In Inco the court concluded that “the draftsman slipped up” and “the court must be able to correct obvious drafting errors”: the court held that the words “from any decision of the High Court under that Part” were to be read as meaning “from any decision of the High Court under a section in that Part which provides for an appeal from such decision.” According to Lord Nicholls in Inco, a court could adopt such a course only if “abundantly sure of three matters: (1) the intended purpose of the statute or provision in question; (2) that by inadvertence the draftsman and Parliament failed to give effect to that purpose in the provision in question; and (3) the substance of the provision Parliament would have made, although not necessarily the precise words Parliament would have used, had the error in the Bill been noticed.” Lord Nicholls went on to say, however, that the third condition was of crucial importance, because otherwise the court would be crossing the boundary between construction and legislation.

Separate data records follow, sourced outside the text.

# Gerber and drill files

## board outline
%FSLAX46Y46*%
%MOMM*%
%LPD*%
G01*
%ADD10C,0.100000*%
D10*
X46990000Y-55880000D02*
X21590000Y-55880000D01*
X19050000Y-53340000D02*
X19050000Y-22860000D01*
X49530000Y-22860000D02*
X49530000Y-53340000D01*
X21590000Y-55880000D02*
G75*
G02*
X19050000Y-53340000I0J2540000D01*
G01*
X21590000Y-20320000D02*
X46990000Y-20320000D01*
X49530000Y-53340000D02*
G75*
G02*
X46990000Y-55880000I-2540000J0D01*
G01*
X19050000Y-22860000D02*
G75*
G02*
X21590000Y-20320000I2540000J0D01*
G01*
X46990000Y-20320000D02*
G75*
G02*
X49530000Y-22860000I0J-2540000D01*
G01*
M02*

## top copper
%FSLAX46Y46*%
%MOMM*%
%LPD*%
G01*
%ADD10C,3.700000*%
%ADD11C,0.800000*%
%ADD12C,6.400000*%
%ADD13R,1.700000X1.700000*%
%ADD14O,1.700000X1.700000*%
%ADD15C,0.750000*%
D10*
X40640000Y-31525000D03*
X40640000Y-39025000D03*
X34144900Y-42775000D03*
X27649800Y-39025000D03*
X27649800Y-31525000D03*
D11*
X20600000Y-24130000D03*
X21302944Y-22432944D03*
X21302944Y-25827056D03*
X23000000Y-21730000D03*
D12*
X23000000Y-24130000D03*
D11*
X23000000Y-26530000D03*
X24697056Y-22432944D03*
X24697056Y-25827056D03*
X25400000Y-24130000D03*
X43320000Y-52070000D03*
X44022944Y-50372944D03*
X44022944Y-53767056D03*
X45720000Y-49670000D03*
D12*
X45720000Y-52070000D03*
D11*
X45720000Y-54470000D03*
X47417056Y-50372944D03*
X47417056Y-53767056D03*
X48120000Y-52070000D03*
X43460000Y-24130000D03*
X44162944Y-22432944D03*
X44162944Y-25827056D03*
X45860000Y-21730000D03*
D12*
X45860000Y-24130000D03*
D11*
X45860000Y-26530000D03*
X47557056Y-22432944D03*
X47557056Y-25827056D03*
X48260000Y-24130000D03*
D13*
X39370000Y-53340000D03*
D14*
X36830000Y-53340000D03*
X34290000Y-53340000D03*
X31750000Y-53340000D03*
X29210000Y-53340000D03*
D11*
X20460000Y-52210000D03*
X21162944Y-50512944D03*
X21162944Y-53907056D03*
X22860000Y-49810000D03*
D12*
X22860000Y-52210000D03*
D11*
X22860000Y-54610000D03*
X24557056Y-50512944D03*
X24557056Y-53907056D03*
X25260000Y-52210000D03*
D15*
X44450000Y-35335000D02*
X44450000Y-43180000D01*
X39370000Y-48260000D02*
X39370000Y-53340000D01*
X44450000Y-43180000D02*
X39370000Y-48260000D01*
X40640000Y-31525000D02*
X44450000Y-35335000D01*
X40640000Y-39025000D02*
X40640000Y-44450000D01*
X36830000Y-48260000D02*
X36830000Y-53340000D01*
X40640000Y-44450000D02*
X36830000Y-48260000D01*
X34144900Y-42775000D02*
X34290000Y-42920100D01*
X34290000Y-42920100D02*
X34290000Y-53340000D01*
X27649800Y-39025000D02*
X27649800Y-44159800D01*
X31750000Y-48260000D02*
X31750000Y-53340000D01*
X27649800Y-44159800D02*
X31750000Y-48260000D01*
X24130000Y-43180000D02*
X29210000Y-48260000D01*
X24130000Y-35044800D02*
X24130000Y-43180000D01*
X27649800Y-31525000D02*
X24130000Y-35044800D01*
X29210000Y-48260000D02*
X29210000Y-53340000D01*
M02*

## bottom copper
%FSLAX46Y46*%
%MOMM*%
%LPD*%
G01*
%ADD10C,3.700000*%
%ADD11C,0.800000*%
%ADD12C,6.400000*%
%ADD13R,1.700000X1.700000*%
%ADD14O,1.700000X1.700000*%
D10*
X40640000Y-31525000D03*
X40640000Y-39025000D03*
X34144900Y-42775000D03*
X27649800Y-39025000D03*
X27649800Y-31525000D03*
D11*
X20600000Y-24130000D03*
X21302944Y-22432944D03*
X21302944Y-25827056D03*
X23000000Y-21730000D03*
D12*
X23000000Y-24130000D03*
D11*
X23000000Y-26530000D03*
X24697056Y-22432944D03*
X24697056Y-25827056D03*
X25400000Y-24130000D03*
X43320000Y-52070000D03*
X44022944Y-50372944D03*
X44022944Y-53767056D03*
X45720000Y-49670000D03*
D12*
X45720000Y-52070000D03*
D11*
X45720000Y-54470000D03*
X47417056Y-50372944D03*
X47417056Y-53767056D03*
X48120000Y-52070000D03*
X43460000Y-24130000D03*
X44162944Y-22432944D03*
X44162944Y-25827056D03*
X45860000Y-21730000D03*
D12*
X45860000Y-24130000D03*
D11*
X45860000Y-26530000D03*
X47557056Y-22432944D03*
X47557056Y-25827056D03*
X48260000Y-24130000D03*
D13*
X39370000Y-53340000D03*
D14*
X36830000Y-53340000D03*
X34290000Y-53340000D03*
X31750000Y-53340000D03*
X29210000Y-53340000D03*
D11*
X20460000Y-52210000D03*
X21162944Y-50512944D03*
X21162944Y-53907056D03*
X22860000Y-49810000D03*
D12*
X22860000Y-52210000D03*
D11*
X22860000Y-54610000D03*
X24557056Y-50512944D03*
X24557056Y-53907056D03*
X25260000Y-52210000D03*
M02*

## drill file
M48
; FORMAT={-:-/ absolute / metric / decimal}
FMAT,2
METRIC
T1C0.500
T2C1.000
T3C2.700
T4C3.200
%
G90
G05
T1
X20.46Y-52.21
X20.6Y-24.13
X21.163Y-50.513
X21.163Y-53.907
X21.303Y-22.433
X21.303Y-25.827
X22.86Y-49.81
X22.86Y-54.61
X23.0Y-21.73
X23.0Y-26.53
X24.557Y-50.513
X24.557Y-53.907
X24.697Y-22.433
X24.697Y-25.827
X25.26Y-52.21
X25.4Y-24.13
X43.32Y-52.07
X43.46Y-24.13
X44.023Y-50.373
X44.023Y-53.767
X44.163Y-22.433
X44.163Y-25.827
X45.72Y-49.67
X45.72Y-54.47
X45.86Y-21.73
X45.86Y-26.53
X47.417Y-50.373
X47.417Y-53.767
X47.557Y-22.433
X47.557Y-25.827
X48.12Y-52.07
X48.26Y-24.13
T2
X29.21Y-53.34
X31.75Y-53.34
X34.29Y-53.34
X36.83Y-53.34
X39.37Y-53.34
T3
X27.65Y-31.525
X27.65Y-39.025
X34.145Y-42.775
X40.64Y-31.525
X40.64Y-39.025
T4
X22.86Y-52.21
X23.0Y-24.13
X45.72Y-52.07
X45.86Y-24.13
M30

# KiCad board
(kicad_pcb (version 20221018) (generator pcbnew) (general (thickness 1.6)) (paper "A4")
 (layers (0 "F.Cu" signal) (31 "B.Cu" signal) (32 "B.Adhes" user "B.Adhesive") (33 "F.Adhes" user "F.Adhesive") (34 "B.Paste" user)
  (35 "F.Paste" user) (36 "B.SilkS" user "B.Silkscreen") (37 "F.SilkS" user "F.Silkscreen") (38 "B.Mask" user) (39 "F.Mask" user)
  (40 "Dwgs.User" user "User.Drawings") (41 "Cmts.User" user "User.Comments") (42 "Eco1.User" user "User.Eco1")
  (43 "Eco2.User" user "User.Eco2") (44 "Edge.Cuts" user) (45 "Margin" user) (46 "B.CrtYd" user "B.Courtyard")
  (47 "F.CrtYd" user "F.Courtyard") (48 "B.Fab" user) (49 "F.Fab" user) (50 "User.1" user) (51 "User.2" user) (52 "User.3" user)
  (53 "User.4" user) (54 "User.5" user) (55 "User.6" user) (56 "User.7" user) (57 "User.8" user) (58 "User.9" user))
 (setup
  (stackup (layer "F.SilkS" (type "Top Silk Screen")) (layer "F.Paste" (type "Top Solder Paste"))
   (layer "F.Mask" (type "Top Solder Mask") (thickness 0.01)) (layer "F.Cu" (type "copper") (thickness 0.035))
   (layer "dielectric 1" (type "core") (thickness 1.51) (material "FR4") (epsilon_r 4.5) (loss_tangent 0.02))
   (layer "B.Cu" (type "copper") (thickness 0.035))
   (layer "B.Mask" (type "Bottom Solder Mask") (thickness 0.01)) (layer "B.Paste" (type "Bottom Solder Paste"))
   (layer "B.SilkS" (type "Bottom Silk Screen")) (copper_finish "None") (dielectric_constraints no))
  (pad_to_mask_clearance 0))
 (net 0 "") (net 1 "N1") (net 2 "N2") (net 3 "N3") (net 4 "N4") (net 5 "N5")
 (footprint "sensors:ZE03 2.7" (layer "F.Cu") (at 34.1449 35.275)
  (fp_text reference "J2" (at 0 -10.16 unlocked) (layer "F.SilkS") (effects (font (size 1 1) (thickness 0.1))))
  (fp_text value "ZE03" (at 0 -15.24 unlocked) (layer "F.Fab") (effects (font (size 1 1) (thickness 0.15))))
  (pad "1" thru_hole circle (at 6.4951 -3.75) (size 3.7 3.7) (drill 2.7) (layers "*.Cu" "*.Mask") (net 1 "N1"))
  (pad "2" thru_hole circle (at 6.4951 3.75) (size 3.7 3.7) (drill 2.7) (layers "*.Cu" "*.Mask") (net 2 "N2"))
  (pad "3" thru_hole circle (at 0 7.5) (size 3.7 3.7) (drill 2.7) (layers "*.Cu" "*.Mask") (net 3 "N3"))
  (pad "4" thru_hole circle (at -6.4951 3.75) (size 3.7 3.7) (drill 2.7) (layers "*.Cu" "*.Mask") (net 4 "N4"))
  (pad "5" thru_hole circle (at -6.4951 -3.75) (size 3.7 3.7) (drill 2.7) (layers "*.Cu" "*.Mask") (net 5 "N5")))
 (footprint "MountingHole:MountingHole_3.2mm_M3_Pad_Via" (layer "F.Cu") (at 23 24.13)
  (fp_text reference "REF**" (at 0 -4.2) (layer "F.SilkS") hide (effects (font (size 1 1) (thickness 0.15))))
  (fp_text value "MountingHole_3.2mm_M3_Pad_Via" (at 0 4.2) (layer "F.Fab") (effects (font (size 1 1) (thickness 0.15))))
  (pad "1" thru_hole circle (at -2.4 0) (size 0.8 0.8) (drill 0.5) (layers "*.Cu" "*.Mask") (zone_connect 2))
  (pad "1" thru_hole circle (at -1.697056 -1.697056) (size 0.8 0.8) (drill 0.5) (layers "*.Cu" "*.Mask") (zone_connect 2))
  (pad "1" thru_hole circle (at -1.697056 1.697056) (size 0.8 0.8) (drill 0.5) (layers "*.Cu" "*.Mask") (zone_connect 2))
  (pad "1" thru_hole circle (at 0 -2.4) (size 0.8 0.8) (drill 0.5) (layers "*.Cu" "*.Mask") (zone_connect 2))
  (pad "1" thru_hole circle (at 0 0) (size 6.4 6.4) (drill 3.2) (layers "*.Cu" "*.Mask"))
  (pad "1" thru_hole circle (at 0 2.4) (size 0.8 0.8) (drill 0.5) (layers "*.Cu" "*.Mask") (zone_connect 2))
  (pad "1" thru_hole circle (at 1.697056 -1.697056) (size 0.8 0.8) (drill 0.5) (layers "*.Cu" "*.Mask") (zone_connect 2))
  (pad "1" thru_hole circle (at 1.697056 1.697056) (size 0.8 0.8) (drill 0.5) (layers "*.Cu" "*.Mask") (zone_connect 2))
  (pad "1" thru_hole circle (at 2.4 0) (size 0.8 0.8) (drill 0.5) (layers "*.Cu" "*.Mask") (zone_connect 2)))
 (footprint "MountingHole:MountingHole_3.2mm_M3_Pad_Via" (layer "F.Cu") (at 45.72 52.07)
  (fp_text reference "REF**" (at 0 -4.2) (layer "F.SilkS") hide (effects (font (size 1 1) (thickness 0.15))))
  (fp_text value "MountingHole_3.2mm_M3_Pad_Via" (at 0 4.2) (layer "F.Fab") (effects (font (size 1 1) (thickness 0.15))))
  (pad "1" thru_hole circle (at -2.4 0) (size 0.8 0.8) (drill 0.5) (layers "*.Cu" "*.Mask") (zone_connect 2))
  (pad "1" thru_hole circle (at -1.697056 -1.697056) (size 0.8 0.8) (drill 0.5) (layers "*.Cu" "*.Mask") (zone_connect 2))
  (pad "1" thru_hole circle (at -1.697056 1.697056) (size 0.8 0.8) (drill 0.5) (layers "*.Cu" "*.Mask") (zone_connect 2))
  (pad "1" thru_hole circle (at 0 -2.4) (size 0.8 0.8) (drill 0.5) (layers "*.Cu" "*.Mask") (zone_connect 2))
  (pad "1" thru_hole circle (at 0 0) (size 6.4 6.4) (drill 3.2) (layers "*.Cu" "*.Mask"))
  (pad "1" thru_hole circle (at 0 2.4) (size 0.8 0.8) (drill 0.5) (layers "*.Cu" "*.Mask") (zone_connect 2))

No doubt recognising the dramatic nature of his interpretation, Underhill LJ said, “It would be different in a case where no such intention is established and the argument is simply that the implication sought is necessary in order to comply with EU law or the requirements of the Convention.”

Conclusion

Through sophisticated reasoning, the CA has achieved a result which is fair in the minds of the coterie of employment lawyers, and which will be of practical service to many litigants (be they workers, employers, or those giving or receiving goods and services) by ending legal uncertainty. Is it right, however, for a court to respond to a statutory provision which has no satisfactory meaning by implying into the statute words which make conduct unlawful? The CA did not hold that sub-section 108(7) must be deleted as meaningless, but left it to “some other court” to “cudgel its brains about what real effect, if any, it has”. In spite of its hesitation to delete the sub-section, the CA felt confident in asserting that, whatever it might mean, the sub-section was definitely inconsistent with post-termination victimisation being permitted.

It seems to me that the CA has turned a statutory provision, which is, at best, meaningless, and is, at worst, ambiguous and inconsistent with the UK’s equality obligations under EU law, into a provision which renders conduct unlawful. Can the position really be said to be analogous to Inco? The Equality Act 2010 separated out harassment and victimisation into different claims, after decades of being aspects of discrimination. In my view, the difficulty is that, whilst the draftsman clearly drafted poorly, exactly what he was up to in terms of tinkering with the law on discrimination, harassment and victimisation and how they should interrelate, remains very unclear, yet, I feel sure that he was up to something.

Our clever judges know how to achieve the result which right-minded employment lawyers desire, through the deployment of deft judicial reasoning, but is it right to develop principles of judicial interpretation which permit a statutory provision to mean that conduct which is stated to be lawful is held to be unlawful?

Access to justice in general is a matter of acute concern to barristers right now. Within the field of employment law, the introduction of ET fees is having a profound effect on discrimination litigation, a part of the legal system which is intended to protect the most marginalised and disadvantaged groups of workers. Is it idealistic and unrealistic for me to long for judicial reasoning which makes sense to those outside the inner circle of employment lawyers, in regard to what the major discrimination statute means? Does the type of judicial reasoning which the CA has deployed in Jessemy v Rowstock Ltd give discrimination law a bad name?